* Entries taken from a collection
####

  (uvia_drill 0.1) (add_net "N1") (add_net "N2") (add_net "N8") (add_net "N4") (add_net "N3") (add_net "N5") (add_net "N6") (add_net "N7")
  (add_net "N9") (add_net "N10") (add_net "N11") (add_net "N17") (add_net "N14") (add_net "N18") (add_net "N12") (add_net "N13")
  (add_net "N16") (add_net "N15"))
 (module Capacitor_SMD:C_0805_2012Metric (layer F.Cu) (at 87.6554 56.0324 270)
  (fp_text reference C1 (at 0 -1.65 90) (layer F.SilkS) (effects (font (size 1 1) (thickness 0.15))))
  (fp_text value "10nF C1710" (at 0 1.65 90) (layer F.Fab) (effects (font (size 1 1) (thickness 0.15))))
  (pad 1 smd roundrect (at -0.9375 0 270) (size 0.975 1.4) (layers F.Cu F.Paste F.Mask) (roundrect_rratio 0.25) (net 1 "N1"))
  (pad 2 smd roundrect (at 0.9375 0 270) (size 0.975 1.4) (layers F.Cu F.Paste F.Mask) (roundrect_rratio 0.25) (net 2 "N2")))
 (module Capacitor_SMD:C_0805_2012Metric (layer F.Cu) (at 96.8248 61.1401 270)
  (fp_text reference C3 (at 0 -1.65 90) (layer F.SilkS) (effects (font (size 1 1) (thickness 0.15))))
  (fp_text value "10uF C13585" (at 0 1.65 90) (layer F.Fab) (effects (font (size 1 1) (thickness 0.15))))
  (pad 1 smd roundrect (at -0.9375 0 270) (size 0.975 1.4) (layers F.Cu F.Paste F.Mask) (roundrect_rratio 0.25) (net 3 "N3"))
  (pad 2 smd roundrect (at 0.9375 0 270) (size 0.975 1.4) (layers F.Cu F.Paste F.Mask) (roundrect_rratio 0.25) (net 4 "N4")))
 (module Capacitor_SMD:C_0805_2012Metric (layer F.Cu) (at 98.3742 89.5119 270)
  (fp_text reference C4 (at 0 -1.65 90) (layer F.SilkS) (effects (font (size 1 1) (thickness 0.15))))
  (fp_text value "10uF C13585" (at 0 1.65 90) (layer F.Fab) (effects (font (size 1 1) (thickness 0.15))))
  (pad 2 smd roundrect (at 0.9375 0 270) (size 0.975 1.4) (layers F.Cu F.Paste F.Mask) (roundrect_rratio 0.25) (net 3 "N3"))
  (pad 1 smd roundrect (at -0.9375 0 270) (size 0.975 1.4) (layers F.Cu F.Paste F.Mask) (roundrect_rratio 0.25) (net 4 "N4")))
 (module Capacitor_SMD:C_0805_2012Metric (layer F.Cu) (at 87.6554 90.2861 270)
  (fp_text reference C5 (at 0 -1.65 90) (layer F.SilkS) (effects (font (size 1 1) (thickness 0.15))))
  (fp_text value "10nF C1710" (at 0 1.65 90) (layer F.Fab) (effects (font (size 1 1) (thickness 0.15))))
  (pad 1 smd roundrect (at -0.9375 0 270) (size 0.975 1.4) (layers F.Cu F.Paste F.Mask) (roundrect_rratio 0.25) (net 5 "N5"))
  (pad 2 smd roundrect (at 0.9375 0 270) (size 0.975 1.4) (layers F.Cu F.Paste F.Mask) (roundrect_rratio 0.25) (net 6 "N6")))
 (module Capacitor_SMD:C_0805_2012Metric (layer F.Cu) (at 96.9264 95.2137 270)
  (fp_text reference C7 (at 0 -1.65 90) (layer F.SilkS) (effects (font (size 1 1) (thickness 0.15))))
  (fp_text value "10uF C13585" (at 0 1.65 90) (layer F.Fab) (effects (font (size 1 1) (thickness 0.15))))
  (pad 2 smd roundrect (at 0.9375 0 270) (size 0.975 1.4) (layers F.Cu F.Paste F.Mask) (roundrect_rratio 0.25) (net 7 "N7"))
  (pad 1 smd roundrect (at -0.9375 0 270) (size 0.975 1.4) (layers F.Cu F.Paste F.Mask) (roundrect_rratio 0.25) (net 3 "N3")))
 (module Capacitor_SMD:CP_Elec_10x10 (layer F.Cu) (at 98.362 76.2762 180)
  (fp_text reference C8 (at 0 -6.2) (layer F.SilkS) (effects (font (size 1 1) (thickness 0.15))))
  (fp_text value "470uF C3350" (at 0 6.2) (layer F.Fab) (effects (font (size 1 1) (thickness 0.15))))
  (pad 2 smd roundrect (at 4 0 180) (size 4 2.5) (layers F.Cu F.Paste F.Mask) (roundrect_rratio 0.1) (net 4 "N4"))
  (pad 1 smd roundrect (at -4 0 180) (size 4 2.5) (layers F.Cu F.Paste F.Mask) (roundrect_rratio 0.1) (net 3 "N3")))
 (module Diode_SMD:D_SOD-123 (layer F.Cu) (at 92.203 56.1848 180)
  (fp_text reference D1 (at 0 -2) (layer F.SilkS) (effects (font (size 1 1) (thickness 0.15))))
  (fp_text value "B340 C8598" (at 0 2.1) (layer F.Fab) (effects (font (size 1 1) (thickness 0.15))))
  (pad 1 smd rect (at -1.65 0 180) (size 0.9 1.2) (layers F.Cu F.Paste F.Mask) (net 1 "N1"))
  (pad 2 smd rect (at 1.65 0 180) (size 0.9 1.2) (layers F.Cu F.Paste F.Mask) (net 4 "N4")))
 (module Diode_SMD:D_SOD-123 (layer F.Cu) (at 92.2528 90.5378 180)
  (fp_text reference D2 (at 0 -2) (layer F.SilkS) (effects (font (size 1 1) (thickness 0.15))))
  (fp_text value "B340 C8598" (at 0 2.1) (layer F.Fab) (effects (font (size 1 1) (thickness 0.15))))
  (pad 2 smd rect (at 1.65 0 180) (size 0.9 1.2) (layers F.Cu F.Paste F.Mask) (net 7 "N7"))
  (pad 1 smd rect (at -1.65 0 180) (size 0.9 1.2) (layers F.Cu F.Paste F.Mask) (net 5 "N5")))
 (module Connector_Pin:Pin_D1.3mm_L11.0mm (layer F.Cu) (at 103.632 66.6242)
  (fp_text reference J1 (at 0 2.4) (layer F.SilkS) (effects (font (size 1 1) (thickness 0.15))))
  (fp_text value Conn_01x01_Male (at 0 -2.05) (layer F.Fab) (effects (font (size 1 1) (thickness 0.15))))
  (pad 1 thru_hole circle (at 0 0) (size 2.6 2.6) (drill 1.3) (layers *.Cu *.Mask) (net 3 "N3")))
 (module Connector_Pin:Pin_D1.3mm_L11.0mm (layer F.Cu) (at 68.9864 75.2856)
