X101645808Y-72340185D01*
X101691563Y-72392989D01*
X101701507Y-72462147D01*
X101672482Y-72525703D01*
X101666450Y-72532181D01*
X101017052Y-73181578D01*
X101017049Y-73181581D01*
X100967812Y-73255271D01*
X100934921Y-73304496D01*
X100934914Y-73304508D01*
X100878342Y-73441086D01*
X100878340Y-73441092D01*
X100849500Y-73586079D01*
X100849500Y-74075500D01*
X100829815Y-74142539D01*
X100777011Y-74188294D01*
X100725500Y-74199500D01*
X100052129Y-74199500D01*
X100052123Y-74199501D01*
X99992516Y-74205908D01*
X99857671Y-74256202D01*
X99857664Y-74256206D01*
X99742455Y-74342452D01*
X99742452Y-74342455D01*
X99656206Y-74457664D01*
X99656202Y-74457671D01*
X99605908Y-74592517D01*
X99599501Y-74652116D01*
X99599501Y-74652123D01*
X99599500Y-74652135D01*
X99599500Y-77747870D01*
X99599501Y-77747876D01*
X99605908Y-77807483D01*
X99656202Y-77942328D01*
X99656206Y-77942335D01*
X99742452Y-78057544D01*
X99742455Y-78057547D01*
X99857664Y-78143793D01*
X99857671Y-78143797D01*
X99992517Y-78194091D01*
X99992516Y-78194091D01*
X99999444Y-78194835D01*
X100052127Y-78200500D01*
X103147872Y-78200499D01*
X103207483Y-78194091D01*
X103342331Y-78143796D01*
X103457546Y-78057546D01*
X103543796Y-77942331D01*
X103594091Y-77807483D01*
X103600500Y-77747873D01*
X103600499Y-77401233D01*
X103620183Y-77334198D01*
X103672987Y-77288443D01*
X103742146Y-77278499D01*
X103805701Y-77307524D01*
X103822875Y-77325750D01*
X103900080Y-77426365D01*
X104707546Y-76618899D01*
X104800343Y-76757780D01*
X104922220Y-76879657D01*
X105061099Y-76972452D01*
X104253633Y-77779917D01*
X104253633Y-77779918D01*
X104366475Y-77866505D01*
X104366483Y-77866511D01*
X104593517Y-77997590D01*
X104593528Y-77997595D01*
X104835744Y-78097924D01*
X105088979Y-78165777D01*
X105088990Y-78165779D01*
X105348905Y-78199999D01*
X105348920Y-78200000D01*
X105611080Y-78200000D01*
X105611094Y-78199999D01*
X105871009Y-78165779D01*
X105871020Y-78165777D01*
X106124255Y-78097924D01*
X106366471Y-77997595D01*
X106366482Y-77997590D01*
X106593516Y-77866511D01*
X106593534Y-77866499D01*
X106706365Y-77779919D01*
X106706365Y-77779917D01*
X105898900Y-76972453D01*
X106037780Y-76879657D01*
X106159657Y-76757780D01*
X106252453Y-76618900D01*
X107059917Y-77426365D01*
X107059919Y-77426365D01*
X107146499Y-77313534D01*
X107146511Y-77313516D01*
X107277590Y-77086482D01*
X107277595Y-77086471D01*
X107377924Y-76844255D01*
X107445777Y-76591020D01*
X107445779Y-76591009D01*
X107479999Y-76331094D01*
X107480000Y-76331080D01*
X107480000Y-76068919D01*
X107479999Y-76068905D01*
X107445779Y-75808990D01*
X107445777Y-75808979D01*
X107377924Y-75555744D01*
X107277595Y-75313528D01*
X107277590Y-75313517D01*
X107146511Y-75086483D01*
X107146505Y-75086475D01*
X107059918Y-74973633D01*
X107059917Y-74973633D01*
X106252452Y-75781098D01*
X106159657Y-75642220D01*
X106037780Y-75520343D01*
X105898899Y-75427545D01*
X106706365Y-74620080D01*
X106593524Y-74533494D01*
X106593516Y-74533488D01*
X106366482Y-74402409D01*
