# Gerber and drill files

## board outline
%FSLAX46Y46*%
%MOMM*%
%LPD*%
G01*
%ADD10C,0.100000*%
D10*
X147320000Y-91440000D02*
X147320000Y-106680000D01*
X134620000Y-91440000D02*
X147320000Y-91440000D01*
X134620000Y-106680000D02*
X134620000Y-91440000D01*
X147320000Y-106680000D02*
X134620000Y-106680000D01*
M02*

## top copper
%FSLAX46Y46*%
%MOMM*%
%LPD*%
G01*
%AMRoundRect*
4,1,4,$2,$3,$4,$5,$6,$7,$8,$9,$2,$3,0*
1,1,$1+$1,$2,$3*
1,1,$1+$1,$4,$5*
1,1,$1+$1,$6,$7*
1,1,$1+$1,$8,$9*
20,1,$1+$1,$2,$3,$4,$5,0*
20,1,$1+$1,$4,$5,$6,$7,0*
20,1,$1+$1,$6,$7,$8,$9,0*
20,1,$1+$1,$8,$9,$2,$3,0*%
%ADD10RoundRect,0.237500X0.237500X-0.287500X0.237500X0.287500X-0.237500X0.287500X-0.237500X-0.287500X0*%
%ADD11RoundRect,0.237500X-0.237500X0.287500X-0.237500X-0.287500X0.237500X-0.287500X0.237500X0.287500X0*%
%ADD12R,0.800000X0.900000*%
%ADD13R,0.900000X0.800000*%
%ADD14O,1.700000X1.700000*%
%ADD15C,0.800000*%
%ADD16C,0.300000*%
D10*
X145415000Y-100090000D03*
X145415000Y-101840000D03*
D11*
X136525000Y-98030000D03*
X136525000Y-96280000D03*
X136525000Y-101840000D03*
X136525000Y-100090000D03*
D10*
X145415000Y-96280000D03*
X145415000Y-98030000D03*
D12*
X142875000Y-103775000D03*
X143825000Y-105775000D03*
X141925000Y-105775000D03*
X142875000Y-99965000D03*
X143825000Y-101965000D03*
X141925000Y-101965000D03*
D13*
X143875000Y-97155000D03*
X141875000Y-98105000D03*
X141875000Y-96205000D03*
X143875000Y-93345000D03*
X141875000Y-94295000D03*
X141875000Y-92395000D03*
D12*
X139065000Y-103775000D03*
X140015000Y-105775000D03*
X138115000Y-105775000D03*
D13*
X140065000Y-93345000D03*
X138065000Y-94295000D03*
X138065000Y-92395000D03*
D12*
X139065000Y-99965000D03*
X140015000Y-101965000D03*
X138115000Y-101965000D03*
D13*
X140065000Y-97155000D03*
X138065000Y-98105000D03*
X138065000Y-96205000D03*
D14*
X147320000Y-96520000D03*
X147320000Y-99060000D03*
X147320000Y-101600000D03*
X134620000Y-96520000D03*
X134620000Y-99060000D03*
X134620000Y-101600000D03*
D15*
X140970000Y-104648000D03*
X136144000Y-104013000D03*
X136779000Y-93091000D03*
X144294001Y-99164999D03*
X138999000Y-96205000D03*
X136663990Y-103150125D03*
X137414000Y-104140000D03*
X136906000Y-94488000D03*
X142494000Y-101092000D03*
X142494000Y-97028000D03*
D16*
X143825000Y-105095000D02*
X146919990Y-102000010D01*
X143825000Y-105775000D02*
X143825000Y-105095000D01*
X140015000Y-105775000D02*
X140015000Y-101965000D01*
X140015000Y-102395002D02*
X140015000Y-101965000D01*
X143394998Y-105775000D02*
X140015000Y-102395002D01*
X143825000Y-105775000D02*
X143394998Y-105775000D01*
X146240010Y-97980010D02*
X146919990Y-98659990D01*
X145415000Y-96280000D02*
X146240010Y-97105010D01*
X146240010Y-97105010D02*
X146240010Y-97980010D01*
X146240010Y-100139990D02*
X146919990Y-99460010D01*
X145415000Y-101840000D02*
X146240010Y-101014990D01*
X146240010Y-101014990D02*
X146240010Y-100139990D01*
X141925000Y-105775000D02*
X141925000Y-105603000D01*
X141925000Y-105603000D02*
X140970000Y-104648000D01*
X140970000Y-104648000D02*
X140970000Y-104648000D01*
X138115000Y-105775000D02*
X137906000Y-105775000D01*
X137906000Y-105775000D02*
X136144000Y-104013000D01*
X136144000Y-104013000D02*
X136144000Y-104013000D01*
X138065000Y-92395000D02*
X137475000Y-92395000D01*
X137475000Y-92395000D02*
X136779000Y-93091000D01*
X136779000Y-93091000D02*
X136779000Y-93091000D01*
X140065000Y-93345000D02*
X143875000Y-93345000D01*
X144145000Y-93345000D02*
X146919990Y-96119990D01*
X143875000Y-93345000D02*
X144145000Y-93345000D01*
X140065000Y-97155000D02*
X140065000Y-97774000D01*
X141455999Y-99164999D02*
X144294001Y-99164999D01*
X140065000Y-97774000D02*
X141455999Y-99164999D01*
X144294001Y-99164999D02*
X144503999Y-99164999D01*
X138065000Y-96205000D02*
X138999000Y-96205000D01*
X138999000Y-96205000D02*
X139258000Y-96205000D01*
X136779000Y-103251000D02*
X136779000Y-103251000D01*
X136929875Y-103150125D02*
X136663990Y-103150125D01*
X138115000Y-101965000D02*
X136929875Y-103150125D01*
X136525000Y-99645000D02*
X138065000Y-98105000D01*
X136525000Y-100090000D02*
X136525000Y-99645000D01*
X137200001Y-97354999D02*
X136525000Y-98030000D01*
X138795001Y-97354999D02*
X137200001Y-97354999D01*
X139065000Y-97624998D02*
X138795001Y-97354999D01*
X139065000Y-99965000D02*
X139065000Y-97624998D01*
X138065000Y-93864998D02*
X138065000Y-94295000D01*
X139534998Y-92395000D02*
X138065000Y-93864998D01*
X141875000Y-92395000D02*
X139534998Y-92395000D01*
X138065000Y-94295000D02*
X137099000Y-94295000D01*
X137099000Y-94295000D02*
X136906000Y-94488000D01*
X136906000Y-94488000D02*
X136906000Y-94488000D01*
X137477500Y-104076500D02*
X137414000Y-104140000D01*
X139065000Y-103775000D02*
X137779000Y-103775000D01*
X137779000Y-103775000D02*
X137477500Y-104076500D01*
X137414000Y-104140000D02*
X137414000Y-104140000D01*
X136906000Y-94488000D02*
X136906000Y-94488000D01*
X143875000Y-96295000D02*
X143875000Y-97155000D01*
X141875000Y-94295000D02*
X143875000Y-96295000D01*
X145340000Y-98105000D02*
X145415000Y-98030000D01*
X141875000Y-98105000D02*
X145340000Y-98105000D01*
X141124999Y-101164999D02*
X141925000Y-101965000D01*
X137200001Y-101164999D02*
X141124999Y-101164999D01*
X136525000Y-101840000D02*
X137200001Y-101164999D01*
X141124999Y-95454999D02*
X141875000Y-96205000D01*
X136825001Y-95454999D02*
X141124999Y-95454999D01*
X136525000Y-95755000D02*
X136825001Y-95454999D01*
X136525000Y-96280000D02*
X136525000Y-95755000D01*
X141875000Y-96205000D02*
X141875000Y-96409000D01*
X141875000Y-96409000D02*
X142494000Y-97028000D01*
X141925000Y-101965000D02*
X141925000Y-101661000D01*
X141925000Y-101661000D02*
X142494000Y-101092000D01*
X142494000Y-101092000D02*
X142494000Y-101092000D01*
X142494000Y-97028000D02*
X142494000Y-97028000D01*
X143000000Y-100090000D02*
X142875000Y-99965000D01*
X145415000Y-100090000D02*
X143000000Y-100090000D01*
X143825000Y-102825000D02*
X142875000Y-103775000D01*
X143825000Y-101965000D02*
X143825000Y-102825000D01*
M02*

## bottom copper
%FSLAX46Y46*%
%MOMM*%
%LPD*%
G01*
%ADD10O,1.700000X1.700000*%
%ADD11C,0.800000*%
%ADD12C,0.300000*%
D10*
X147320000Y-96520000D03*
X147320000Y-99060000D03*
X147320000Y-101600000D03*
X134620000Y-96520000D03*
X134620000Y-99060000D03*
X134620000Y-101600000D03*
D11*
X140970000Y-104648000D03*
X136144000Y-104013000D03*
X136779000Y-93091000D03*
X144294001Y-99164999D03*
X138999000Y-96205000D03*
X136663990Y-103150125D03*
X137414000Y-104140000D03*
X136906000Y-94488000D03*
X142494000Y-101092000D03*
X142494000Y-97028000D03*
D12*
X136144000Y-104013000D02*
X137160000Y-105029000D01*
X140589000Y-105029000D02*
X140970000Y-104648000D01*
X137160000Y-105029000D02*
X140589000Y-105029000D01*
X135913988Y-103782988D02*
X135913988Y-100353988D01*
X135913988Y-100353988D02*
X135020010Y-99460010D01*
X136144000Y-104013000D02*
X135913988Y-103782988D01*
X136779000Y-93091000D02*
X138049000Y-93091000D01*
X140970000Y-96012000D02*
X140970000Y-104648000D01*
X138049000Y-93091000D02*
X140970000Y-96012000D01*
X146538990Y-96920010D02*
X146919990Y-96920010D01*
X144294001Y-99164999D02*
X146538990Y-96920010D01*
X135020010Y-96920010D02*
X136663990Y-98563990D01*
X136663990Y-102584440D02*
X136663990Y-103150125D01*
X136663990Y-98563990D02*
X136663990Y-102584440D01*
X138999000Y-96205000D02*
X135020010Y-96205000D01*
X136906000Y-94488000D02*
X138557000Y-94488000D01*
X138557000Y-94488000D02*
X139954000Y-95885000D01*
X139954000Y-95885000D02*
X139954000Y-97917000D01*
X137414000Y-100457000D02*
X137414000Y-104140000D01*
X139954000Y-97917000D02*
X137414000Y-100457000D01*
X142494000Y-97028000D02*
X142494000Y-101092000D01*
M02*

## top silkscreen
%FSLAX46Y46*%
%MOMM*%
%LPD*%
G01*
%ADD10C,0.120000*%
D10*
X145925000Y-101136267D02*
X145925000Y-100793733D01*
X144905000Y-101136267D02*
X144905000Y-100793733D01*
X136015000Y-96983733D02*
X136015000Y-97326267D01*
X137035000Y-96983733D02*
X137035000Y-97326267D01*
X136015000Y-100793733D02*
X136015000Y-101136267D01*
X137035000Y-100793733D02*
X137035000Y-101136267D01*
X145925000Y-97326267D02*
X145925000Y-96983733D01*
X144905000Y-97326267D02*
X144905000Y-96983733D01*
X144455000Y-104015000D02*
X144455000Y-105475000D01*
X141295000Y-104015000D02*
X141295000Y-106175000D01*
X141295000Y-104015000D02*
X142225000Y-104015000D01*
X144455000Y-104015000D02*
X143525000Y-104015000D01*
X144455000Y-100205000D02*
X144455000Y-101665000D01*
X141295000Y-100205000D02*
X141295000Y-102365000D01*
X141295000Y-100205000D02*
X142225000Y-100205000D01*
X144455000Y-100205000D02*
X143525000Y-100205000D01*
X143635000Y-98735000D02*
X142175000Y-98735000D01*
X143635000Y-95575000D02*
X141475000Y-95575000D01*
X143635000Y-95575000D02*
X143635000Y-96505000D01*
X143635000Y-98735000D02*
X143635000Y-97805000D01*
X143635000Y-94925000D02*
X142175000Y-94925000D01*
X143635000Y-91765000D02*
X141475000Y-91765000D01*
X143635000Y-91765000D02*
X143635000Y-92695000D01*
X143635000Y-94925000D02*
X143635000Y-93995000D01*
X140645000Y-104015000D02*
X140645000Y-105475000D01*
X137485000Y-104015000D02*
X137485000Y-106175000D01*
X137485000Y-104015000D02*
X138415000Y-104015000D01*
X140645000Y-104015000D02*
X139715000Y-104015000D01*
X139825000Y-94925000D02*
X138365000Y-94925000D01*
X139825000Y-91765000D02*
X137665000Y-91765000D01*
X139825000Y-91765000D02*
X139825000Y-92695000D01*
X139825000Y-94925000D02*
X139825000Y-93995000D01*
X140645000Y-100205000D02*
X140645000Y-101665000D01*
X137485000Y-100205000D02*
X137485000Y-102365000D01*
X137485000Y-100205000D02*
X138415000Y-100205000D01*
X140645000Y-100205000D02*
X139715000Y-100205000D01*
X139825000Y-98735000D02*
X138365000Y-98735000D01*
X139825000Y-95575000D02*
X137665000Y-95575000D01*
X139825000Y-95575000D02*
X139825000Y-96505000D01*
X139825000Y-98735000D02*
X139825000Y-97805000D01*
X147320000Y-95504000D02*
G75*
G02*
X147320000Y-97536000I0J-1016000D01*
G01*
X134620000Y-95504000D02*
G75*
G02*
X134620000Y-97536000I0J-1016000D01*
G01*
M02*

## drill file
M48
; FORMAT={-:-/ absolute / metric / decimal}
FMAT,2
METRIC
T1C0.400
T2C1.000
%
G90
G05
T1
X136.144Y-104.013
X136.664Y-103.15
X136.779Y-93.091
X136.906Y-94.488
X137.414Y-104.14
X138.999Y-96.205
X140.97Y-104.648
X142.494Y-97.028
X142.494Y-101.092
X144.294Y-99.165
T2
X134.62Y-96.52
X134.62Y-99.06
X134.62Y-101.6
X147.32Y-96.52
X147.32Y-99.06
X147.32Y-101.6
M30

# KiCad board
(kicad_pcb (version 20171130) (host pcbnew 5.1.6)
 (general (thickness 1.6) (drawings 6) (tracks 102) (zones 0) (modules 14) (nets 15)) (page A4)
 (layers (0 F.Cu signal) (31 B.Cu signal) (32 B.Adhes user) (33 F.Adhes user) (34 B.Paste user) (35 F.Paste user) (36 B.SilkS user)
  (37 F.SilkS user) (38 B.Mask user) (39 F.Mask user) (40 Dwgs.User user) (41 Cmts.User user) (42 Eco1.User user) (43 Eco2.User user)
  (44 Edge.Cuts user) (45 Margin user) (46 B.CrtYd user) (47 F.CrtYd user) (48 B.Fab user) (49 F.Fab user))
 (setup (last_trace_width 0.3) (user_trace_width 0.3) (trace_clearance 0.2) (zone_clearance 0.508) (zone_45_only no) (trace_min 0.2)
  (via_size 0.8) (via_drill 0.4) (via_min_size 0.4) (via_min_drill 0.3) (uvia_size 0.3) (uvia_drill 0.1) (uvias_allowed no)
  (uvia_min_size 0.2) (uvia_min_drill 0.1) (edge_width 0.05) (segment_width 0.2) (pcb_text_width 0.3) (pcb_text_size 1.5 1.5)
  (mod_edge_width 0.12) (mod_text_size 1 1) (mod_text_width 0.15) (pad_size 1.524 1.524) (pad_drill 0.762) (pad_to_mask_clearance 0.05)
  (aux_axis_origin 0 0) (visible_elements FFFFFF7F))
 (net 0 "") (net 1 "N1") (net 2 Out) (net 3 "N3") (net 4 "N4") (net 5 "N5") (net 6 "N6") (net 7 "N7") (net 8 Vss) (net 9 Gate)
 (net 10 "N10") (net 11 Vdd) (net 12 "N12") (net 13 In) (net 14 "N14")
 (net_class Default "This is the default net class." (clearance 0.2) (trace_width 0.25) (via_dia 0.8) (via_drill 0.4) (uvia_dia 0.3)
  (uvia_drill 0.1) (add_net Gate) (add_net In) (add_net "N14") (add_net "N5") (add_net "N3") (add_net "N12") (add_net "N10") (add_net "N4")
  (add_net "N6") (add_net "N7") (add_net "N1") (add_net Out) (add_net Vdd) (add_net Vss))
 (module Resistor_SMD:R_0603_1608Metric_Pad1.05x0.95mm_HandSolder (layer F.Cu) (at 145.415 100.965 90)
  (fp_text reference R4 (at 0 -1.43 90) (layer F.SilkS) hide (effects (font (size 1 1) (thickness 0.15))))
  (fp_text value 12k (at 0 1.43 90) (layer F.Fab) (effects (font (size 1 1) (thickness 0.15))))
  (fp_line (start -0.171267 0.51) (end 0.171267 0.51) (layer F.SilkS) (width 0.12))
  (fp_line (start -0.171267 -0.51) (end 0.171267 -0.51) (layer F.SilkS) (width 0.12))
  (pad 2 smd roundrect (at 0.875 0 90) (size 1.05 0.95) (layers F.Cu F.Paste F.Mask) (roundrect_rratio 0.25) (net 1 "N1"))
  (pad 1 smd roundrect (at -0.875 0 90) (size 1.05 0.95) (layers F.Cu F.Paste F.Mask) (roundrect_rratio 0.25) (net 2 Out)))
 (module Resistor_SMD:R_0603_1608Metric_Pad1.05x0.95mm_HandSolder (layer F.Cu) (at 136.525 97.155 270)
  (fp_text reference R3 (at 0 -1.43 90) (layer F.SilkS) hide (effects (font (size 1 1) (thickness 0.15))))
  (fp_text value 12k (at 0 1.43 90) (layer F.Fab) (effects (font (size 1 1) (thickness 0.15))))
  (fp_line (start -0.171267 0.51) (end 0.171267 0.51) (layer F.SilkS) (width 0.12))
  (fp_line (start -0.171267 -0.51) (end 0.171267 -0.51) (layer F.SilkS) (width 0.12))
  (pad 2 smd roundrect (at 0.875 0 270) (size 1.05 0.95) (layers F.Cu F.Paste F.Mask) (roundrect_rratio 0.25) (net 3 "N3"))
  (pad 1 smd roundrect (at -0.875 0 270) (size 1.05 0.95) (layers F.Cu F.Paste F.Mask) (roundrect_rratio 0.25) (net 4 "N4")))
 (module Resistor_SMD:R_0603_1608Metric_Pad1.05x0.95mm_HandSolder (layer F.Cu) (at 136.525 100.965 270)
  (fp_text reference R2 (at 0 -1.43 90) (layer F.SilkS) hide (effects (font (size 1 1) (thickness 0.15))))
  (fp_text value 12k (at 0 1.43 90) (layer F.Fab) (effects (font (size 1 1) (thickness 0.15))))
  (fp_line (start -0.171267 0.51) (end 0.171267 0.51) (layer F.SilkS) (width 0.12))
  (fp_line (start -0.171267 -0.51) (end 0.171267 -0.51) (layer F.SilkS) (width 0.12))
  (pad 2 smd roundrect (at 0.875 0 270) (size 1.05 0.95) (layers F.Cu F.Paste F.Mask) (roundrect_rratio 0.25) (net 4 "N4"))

####

* TASK INSTRUCTIONS
Identify each line in the records above containing the word "reference"; copy those lines.

* THE ANSWER
  (fp_text reference C1 (at 0 -1.65 90) (layer F.SilkS) (effects (font (size 1 1) (thickness 0.15))))
  (fp_text reference C3 (at 0 -1.65 90) (layer F.SilkS) (effects (font (size 1 1) (thickness 0.15))))
  (fp_text reference C4 (at 0 -1.65 90) (layer F.SilkS) (effects (font (size 1 1) (thickness 0.15))))
  (fp_text reference C5 (at 0 -1.65 90) (layer F.SilkS) (effects (font (size 1 1) (thickness 0.15))))
  (fp_text reference C7 (at 0 -1.65 90) (layer F.SilkS) (effects (font (size 1 1) (thickness 0.15))))
  (fp_text reference C8 (at 0 -6.2) (layer F.SilkS) (effects (font (size 1 1) (thickness 0.15))))
  (fp_text reference D1 (at 0 -2) (layer F.SilkS) (effects (font (size 1 1) (thickness 0.15))))
  (fp_text reference D2 (at 0 -2) (layer F.SilkS) (effects (font (size 1 1) (thickness 0.15))))
  (fp_text reference J1 (at 0 2.4) (layer F.SilkS) (effects (font (size 1 1) (thickness 0.15))))
  (fp_text reference R4 (at 0 -1.43 90) (layer F.SilkS) hide (effects (font (size 1 1) (thickness 0.15))))
  (fp_text reference R3 (at 0 -1.43 90) (layer F.SilkS) hide (effects (font (size 1 1) (thickness 0.15))))
  (fp_text reference R2 (at 0 -1.43 90) (layer F.SilkS) hide (effects (font (size 1 1) (thickness 0.15))))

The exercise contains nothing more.